Rezensionsnotiz zu Deutschlandfunk, 20.04.2019

Rezensent Uli Hufen versteht, dass die Erinnerung an ein Jahrhundert deutsch-russischer Familiengeschichte für Maria Stepanova ein höchst brisantes und schwer zu greifendes Unterfangen ist, weshalb die Autorin in ihren Essays seiner Meinung nach zurecht umfassend die derzeitigen philosophischen Diskurse zu Erinnerung und Geschichte reflektiert. Dass die Dichterin dabei außerdem einen äußerst poetischen Blick auf die Welt wirft, stört den Kritiker an sich auch nicht. Allerdings beschleicht Hufen bei der Lektüre zunehmend der Verdacht, dass Stepanova über ihren "endlosen Strom der melancholischen, lebensklugen Beobachtungen" doch die Einzelschicksale ihrer Familienmitglieder ein wenig aus dem Blick verliert, um die es ihr doch eigentlich geht.

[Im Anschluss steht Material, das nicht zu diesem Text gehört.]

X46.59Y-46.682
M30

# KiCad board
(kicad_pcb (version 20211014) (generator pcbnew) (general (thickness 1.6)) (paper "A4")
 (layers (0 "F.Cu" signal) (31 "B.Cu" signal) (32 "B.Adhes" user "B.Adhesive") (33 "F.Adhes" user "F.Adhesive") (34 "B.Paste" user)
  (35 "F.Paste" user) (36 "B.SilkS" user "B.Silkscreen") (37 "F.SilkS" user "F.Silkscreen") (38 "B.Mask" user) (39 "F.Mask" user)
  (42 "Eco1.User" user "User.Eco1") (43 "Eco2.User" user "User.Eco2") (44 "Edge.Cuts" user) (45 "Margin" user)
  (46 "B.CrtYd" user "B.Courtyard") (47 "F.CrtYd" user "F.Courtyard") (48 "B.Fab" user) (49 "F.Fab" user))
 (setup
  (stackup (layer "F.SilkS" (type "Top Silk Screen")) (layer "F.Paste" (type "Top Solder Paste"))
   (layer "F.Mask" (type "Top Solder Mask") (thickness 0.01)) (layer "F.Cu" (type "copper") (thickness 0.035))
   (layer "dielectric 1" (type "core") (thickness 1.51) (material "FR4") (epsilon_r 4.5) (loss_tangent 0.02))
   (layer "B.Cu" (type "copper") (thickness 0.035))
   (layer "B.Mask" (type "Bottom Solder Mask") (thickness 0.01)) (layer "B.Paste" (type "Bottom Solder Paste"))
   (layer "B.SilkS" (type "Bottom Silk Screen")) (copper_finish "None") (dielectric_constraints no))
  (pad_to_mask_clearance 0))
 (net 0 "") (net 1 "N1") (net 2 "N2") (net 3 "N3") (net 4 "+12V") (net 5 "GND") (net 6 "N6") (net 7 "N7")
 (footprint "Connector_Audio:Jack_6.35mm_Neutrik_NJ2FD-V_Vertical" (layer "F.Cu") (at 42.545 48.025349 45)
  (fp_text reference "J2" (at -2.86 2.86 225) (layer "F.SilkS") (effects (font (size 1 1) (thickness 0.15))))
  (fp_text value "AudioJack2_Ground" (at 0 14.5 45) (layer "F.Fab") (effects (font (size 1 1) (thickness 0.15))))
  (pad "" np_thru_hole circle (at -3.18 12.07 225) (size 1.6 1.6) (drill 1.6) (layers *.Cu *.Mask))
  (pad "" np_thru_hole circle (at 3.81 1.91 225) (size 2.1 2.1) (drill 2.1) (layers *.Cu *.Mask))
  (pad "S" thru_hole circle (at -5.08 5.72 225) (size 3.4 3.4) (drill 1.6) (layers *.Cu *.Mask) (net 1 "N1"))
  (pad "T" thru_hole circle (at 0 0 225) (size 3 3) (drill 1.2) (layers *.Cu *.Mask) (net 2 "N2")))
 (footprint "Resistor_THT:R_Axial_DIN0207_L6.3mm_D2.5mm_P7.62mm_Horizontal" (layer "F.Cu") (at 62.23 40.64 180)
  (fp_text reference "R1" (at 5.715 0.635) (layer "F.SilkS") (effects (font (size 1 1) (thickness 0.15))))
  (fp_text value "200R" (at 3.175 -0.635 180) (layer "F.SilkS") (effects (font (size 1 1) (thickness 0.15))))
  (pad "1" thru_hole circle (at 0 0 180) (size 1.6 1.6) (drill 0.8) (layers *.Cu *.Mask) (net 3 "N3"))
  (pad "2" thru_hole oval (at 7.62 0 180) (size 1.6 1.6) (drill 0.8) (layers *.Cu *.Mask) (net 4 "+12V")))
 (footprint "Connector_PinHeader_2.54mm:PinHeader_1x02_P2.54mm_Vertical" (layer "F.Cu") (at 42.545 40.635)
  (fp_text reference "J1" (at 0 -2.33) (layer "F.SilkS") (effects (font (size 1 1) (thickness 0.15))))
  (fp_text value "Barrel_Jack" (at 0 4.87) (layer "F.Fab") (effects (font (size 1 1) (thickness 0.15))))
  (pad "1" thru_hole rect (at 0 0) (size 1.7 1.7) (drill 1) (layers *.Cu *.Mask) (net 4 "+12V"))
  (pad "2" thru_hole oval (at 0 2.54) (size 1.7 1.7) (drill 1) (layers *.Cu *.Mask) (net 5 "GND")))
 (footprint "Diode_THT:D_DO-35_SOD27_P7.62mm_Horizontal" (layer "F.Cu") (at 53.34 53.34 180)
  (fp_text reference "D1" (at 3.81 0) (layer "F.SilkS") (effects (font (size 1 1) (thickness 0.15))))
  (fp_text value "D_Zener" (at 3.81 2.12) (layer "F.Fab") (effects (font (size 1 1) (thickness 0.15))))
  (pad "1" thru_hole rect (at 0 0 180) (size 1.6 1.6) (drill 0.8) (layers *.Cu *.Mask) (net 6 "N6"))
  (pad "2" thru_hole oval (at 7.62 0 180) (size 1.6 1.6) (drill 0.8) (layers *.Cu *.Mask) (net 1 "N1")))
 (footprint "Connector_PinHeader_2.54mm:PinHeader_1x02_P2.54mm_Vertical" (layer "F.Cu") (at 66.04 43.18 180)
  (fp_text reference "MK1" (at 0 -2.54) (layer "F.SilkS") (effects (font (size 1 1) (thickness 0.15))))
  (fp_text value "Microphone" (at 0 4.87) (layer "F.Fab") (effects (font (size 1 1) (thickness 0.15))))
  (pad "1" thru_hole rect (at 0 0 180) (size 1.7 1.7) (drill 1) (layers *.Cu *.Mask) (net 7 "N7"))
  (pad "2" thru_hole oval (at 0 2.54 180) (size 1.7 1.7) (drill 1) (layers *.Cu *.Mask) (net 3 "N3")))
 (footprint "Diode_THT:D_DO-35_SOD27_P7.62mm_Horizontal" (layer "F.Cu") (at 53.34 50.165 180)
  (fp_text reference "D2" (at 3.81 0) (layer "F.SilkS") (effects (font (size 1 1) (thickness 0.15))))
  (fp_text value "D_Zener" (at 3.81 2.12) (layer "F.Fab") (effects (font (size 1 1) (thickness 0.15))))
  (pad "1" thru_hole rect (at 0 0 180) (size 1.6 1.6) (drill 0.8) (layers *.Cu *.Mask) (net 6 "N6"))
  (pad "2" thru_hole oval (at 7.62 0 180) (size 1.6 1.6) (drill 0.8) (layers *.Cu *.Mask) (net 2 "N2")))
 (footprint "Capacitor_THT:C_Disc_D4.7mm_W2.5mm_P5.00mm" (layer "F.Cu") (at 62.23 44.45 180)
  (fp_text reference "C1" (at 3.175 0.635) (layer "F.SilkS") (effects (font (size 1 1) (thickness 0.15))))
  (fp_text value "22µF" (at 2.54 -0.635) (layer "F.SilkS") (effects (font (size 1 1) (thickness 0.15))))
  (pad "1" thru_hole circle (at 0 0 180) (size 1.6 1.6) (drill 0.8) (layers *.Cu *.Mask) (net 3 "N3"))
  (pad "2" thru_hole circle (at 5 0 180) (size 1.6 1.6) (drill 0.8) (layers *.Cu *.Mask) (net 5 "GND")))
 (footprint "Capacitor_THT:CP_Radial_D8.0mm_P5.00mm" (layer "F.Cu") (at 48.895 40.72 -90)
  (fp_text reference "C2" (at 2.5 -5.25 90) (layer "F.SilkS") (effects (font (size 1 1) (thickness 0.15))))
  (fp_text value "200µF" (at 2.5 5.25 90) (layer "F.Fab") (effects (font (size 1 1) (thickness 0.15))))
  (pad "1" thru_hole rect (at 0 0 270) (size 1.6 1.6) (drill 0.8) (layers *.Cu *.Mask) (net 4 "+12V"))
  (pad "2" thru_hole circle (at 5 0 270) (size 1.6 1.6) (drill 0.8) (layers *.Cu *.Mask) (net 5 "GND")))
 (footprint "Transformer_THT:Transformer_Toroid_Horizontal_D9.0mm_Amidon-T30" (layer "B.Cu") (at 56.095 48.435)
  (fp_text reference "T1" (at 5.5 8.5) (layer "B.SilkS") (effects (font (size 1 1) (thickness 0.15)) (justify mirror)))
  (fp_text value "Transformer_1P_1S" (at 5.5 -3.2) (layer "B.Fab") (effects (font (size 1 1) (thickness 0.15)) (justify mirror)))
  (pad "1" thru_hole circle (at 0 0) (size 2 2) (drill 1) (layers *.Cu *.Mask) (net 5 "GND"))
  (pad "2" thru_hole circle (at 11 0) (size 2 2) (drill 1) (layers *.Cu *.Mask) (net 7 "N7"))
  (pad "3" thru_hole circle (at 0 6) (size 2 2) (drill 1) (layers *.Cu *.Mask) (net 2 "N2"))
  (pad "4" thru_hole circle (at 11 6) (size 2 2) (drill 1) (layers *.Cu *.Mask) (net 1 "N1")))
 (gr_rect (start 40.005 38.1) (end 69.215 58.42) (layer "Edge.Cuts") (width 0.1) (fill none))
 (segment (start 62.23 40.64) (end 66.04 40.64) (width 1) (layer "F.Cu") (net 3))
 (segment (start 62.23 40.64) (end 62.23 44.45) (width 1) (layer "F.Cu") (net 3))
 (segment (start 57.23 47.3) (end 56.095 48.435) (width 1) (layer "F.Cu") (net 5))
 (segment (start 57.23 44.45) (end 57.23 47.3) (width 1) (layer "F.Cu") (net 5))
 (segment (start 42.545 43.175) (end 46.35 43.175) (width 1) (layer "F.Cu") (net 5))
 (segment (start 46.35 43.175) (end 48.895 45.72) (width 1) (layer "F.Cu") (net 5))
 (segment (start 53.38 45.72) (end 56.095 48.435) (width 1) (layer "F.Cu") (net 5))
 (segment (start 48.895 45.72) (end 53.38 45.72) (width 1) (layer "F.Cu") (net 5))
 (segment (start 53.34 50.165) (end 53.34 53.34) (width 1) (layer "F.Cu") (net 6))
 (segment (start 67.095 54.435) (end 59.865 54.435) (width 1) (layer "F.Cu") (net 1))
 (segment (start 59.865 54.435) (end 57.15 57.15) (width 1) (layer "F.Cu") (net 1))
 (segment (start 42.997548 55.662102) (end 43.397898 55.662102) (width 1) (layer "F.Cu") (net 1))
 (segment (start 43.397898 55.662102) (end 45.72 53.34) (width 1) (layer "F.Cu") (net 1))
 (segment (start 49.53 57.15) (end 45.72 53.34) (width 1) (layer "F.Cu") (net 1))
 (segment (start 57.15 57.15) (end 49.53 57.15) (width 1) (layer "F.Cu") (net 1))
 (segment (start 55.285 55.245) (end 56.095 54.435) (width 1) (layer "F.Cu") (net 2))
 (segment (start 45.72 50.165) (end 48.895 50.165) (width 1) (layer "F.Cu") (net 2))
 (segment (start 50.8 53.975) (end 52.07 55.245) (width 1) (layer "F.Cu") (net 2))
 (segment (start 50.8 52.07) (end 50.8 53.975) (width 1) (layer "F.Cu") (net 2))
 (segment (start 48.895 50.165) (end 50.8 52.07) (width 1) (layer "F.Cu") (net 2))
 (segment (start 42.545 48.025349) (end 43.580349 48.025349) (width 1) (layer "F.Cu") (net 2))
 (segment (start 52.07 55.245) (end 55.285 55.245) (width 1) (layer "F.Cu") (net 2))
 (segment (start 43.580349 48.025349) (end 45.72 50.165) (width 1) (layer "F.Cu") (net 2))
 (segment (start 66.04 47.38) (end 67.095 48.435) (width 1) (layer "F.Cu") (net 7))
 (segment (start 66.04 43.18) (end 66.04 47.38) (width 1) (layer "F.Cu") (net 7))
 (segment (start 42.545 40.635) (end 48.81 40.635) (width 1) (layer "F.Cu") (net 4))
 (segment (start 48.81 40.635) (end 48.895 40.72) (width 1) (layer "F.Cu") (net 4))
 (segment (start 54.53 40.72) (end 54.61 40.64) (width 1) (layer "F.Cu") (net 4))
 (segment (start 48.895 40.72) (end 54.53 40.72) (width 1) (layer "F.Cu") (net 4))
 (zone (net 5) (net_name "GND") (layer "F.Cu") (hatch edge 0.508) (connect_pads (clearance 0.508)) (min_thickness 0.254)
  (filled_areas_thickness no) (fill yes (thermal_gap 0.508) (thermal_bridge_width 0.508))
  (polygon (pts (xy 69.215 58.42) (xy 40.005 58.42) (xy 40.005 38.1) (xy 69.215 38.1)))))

Rezensionsnotiz zu Frankfurter Rundschau, 27.02.2019

Rezensentin Katharina Granzin gibt sich zufrieden mit dem Bruchstückhaften in Maria Stepanovas Erinnerungen. Der Versuch der Autorin, anhand von Briefen, Fotos und Recherchereisen eine wenig spektakuläre Familiengeschichte zusammenzusetzen und Einzelschicksale zu erkennen, bekommt für Granzin gerade durch die immer von Stepanova mitgedachte Vergeblichkeit des Unterfangens, Verlorenes zu bewahren, seinen Reiz. Das beherzte "Trotzdem", das Granzin aus dem Text entgegentönt, scheint ihr zu gefallen, auch wenn die Autorin nicht auf Vollständigkeit aus ist und das Fantasieren sein lässt, wo die Wirklichkeit nicht mehr zu rekonstruieren ist.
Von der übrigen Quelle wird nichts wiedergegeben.